= DATA FOR PROCESSING =
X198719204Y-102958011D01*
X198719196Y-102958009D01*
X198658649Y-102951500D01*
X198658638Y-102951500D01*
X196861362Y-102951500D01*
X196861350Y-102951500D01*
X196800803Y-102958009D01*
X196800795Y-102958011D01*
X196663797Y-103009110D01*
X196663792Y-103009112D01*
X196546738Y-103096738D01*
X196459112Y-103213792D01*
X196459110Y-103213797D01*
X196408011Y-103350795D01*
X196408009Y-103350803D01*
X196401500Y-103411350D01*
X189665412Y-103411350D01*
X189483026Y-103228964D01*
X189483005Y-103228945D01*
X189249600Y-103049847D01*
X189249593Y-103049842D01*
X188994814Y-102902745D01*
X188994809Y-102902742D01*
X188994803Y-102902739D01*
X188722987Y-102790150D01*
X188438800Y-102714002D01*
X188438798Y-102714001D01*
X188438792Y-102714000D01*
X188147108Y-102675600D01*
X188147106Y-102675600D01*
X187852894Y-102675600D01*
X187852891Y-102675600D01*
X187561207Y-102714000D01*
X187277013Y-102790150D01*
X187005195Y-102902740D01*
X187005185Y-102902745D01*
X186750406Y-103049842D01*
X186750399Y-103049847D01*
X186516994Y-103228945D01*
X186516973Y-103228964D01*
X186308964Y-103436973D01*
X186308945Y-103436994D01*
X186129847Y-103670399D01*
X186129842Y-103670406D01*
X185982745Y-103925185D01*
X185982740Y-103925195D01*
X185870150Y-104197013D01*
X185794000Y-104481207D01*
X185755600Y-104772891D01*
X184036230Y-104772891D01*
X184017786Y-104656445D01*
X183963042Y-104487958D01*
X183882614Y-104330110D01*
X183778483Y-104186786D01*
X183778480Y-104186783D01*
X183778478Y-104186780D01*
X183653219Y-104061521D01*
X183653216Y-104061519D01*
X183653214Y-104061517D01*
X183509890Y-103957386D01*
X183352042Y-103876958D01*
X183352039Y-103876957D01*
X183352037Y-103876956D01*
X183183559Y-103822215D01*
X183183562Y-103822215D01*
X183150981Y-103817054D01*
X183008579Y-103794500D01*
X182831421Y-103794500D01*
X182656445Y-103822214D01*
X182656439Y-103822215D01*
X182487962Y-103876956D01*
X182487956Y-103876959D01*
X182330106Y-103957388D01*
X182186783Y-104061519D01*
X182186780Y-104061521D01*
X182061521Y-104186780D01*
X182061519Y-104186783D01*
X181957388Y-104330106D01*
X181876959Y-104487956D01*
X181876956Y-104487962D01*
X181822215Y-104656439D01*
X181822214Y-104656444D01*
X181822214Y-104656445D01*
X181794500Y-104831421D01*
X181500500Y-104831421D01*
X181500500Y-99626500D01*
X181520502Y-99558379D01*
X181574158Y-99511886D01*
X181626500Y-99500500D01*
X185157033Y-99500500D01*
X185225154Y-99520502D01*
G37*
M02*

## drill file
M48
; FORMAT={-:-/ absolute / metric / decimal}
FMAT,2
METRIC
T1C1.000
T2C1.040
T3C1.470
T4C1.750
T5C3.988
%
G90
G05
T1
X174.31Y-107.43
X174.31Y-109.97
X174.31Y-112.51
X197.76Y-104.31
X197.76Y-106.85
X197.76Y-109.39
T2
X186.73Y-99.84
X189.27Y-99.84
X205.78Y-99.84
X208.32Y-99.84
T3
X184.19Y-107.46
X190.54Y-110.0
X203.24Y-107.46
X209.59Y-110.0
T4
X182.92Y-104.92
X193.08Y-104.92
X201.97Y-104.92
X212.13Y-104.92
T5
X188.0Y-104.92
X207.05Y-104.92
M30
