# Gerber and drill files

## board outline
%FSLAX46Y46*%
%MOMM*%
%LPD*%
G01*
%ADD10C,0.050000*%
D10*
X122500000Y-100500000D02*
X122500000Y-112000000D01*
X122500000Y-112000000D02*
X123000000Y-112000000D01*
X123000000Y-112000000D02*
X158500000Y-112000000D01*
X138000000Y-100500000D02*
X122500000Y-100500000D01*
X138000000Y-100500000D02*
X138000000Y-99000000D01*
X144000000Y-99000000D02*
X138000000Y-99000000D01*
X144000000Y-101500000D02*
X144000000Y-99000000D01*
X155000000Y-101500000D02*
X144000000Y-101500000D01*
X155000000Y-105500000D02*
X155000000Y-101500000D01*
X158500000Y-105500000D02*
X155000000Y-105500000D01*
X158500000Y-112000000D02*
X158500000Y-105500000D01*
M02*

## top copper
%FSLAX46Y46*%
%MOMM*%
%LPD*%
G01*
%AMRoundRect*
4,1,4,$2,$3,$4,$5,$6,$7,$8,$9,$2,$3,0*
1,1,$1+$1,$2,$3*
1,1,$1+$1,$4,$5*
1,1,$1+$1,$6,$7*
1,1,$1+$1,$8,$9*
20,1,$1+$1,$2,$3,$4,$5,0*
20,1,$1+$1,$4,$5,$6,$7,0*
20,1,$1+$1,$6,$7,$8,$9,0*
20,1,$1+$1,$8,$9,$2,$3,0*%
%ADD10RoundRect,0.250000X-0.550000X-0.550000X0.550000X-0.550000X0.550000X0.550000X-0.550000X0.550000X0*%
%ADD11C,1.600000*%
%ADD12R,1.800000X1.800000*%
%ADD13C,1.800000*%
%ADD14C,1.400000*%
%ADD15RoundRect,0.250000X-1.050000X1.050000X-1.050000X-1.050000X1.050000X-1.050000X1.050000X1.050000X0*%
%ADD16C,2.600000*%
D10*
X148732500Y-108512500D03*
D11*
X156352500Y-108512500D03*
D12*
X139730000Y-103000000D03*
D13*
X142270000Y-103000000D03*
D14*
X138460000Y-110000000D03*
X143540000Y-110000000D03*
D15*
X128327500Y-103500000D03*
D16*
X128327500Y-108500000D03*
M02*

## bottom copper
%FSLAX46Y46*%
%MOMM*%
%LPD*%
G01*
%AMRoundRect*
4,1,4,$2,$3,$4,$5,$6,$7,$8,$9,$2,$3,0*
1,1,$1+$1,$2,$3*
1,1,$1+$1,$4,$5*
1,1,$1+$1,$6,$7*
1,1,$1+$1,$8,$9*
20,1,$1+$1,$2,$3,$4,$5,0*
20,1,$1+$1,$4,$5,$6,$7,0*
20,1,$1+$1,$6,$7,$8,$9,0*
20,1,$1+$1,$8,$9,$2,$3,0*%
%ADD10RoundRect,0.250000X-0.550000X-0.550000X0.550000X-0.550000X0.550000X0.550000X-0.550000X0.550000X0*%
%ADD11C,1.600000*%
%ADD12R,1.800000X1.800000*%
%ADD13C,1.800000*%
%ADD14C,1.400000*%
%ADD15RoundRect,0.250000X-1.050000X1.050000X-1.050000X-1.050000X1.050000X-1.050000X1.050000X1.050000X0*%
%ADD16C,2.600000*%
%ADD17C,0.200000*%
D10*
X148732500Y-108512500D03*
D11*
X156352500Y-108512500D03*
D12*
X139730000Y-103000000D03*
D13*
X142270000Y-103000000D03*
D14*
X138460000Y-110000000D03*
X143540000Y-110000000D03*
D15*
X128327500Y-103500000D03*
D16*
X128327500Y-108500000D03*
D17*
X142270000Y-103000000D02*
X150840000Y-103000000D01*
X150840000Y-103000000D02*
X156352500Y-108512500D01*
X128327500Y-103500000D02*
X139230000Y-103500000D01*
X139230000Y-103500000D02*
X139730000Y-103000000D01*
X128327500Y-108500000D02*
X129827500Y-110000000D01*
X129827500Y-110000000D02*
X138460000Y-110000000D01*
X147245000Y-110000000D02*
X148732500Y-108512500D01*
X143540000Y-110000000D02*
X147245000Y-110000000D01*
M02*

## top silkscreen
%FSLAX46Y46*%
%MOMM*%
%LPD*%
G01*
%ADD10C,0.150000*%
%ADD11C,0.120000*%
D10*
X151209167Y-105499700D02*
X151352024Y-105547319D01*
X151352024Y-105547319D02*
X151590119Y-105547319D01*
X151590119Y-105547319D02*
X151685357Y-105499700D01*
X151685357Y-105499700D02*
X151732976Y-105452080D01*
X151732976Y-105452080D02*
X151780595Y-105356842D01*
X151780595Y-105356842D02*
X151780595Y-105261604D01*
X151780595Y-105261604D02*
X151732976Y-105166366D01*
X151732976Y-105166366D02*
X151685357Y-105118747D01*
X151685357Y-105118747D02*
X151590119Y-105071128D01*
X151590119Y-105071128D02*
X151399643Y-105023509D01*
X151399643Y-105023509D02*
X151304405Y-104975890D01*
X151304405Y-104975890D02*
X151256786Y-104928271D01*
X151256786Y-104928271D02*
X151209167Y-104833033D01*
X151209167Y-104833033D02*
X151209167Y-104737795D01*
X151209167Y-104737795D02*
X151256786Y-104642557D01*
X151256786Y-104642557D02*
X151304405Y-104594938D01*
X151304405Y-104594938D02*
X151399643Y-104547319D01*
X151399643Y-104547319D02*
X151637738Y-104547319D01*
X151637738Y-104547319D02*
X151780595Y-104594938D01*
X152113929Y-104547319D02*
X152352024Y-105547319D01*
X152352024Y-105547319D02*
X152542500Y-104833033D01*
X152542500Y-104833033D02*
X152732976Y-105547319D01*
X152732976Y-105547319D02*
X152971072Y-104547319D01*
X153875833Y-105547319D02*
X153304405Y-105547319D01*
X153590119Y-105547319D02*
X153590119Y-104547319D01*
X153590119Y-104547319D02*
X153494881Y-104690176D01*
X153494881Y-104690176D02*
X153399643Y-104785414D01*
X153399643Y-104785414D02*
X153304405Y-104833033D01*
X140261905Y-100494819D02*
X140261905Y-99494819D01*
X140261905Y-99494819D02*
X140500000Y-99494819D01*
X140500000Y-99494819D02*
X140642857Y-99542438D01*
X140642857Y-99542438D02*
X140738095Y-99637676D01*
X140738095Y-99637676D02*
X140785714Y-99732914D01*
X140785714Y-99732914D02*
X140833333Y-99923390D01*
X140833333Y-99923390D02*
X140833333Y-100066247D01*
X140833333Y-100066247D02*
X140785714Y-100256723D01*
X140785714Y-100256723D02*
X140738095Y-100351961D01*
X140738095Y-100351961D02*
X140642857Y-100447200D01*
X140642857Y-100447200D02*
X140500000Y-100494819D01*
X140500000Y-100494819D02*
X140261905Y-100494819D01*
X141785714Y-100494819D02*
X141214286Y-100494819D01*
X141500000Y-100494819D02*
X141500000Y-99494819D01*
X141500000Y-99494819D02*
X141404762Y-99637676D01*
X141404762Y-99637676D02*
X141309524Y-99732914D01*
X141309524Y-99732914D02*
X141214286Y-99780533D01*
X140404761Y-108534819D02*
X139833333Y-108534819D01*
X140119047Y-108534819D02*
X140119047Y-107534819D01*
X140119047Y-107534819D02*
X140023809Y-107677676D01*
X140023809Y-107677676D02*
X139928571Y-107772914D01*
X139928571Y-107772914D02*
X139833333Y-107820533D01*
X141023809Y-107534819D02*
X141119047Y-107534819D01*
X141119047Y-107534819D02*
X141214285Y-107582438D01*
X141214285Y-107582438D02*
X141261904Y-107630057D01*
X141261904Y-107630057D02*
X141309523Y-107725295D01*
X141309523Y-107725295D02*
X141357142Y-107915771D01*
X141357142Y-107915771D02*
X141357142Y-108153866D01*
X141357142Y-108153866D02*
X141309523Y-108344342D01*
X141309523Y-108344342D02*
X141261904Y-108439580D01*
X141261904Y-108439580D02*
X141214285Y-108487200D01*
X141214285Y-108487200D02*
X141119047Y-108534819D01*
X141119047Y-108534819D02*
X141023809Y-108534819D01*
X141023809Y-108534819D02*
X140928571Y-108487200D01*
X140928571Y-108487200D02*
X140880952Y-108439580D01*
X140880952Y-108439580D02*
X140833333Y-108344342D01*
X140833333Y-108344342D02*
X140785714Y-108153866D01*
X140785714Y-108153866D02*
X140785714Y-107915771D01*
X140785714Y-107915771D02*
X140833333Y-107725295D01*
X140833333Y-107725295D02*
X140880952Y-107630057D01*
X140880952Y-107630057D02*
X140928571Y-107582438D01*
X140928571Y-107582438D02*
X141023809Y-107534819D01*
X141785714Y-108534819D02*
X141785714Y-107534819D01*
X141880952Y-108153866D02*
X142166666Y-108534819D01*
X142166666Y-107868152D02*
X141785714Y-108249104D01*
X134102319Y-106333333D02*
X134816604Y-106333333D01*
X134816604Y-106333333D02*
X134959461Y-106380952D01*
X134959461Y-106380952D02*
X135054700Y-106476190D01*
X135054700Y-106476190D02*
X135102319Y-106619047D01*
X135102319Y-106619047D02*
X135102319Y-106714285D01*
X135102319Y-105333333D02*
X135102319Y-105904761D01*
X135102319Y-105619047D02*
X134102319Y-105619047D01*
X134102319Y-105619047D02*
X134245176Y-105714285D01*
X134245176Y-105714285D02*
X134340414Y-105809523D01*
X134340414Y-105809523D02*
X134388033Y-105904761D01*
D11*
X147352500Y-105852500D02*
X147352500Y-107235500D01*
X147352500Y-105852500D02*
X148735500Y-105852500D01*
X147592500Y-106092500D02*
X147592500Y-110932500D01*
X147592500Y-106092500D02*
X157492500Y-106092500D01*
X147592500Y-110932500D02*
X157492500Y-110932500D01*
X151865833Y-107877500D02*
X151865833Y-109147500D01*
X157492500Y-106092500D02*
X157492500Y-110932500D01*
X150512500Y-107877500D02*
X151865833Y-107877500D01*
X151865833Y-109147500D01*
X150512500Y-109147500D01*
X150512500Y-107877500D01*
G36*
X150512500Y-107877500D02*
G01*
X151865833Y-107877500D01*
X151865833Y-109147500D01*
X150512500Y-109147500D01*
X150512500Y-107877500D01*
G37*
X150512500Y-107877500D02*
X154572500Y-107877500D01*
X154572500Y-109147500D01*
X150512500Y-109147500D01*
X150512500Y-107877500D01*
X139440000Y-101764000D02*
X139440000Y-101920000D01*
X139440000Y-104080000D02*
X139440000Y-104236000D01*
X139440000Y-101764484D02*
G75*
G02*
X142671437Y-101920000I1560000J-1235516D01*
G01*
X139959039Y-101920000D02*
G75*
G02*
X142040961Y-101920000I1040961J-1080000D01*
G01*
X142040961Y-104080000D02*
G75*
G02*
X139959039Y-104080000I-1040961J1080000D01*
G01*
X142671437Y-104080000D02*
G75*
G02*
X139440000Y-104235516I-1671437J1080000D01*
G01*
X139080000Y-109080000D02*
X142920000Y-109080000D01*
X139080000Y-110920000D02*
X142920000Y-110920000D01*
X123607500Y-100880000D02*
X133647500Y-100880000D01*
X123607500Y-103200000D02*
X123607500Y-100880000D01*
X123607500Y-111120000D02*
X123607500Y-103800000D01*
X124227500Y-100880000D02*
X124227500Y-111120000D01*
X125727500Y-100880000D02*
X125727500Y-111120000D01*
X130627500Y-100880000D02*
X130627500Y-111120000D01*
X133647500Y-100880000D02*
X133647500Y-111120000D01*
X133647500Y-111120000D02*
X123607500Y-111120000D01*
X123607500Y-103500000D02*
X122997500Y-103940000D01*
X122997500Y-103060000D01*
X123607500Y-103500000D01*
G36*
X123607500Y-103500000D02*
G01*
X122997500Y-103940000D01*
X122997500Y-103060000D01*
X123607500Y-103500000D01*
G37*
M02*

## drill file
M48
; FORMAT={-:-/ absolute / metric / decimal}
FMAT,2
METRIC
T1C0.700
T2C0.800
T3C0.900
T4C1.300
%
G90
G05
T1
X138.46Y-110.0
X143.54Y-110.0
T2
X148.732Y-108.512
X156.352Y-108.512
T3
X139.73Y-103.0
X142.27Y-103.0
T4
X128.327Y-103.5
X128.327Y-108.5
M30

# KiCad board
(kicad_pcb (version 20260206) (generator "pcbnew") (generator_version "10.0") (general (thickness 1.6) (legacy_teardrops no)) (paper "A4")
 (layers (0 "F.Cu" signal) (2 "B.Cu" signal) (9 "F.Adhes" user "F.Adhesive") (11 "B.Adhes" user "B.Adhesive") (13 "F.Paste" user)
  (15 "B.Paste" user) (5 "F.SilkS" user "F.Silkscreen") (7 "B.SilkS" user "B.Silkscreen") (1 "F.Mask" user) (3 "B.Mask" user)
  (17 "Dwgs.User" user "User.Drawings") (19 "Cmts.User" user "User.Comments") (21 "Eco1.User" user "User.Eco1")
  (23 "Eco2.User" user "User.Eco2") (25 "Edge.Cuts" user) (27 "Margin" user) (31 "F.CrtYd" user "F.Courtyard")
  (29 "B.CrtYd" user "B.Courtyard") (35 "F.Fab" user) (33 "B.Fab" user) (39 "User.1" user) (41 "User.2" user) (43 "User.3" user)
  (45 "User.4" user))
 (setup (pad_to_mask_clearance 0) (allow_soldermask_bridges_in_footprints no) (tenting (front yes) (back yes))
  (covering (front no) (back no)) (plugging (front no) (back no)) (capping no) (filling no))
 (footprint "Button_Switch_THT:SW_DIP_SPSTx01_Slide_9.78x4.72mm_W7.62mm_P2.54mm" (layer "F.Cu") (at 148.7325 108.5125)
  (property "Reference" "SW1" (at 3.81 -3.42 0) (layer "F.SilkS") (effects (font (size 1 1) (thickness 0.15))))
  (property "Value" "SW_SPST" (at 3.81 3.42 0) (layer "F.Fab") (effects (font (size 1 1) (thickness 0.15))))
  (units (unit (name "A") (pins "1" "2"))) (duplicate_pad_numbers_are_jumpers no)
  (fp_line (start -1.38 -2.66) (end -1.38 -1.277) (stroke (width 0.12) (type solid)) (layer "F.SilkS"))
  (fp_line (start -1.38 -2.66) (end 0.003 -2.66) (stroke (width 0.12) (type solid)) (layer "F.SilkS"))
  (fp_line (start -1.14 -2.42) (end -1.14 2.42) (stroke (width 0.12) (type solid)) (layer "F.SilkS"))
  (fp_line (start -1.14 -2.42) (end 8.76 -2.42) (stroke (width 0.12) (type solid)) (layer "F.SilkS"))
  (fp_line (start -1.14 2.42) (end 8.76 2.42) (stroke (width 0.12) (type solid)) (layer "F.SilkS"))
  (fp_line (start 3.133333 -0.635) (end 3.133333 0.635) (stroke (width 0.12) (type solid)) (layer "F.SilkS"))
  (fp_line (start 8.76 -2.42) (end 8.76 2.42) (stroke (width 0.12) (type solid)) (layer "F.SilkS"))
  (fp_rect (start 1.78 -0.635) (end 3.133333 0.635) (stroke (width 0.12) (type solid)) (fill yes) (layer "F.SilkS"))
  (fp_rect (start 1.78 -0.635) (end 5.84 0.635) (stroke (width 0.12) (type solid)) (fill no) (layer "F.SilkS"))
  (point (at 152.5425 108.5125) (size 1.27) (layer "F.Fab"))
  (pad "1" thru_hole roundrect (at 0 0) (size 1.6 1.6) (drill 0.8) (layers "*.Cu" "*.Mask") (remove_unused_layers no)
   (roundrect_rratio 0.15625) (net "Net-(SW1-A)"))
  (pad "2" thru_hole circle (at 7.62 0) (size 1.6 1.6) (drill 0.8) (layers "*.Cu" "*.Mask") (remove_unused_layers no) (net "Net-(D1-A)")))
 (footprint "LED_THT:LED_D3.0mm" (layer "F.Cu") (at 139.73 103)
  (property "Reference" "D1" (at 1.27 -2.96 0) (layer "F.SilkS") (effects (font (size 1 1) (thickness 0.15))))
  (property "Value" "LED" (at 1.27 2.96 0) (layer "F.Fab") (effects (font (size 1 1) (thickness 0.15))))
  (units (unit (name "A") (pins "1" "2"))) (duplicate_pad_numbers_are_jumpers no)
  (fp_line (start -0.29 -1.236) (end -0.29 -1.08) (stroke (width 0.12) (type solid)) (layer "F.SilkS"))
  (fp_line (start -0.29 1.08) (end -0.29 1.236) (stroke (width 0.12) (type solid)) (layer "F.SilkS"))
  (fp_arc (start -0.29 -1.235516) (mid 1.36566 -1.987699) (end 2.941437 -1.08) (stroke (width 0.12) (type solid)) (layer "F.SilkS"))
  (fp_arc (start 0.229039 -1.08) (mid 1.27 -1.5) (end 2.310961 -1.08) (stroke (width 0.12) (type solid)) (layer "F.SilkS"))
  (fp_arc (start 2.310961 1.08) (mid 1.27 1.5) (end 0.229039 1.08) (stroke (width 0.12) (type solid)) (layer "F.SilkS"))
  (fp_arc (start 2.941437 1.08) (mid 1.36566 1.987699) (end -0.29 1.235516) (stroke (width 0.12) (type solid)) (layer "F.SilkS"))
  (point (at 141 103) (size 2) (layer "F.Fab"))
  (pad "1" thru_hole rect (at 0 0) (size 1.8 1.8) (drill 0.9) (layers "*.Cu" "*.Mask") (remove_unused_layers no) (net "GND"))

= EXERCISE REQUIREMENTS =
Report all lines in the listing above that contain the word "Paste".

= RESPONSE FOR THIS EXERCISE =
 (layers (0 "F.Cu" signal) (2 "B.Cu" signal) (9 "F.Adhes" user "F.Adhesive") (11 "B.Adhes" user "B.Adhesive") (13 "F.Paste" user)
  (15 "B.Paste" user) (5 "F.SilkS" user "F.Silkscreen") (7 "B.SilkS" user "B.Silkscreen") (1 "F.Mask" user) (3 "B.Mask" user)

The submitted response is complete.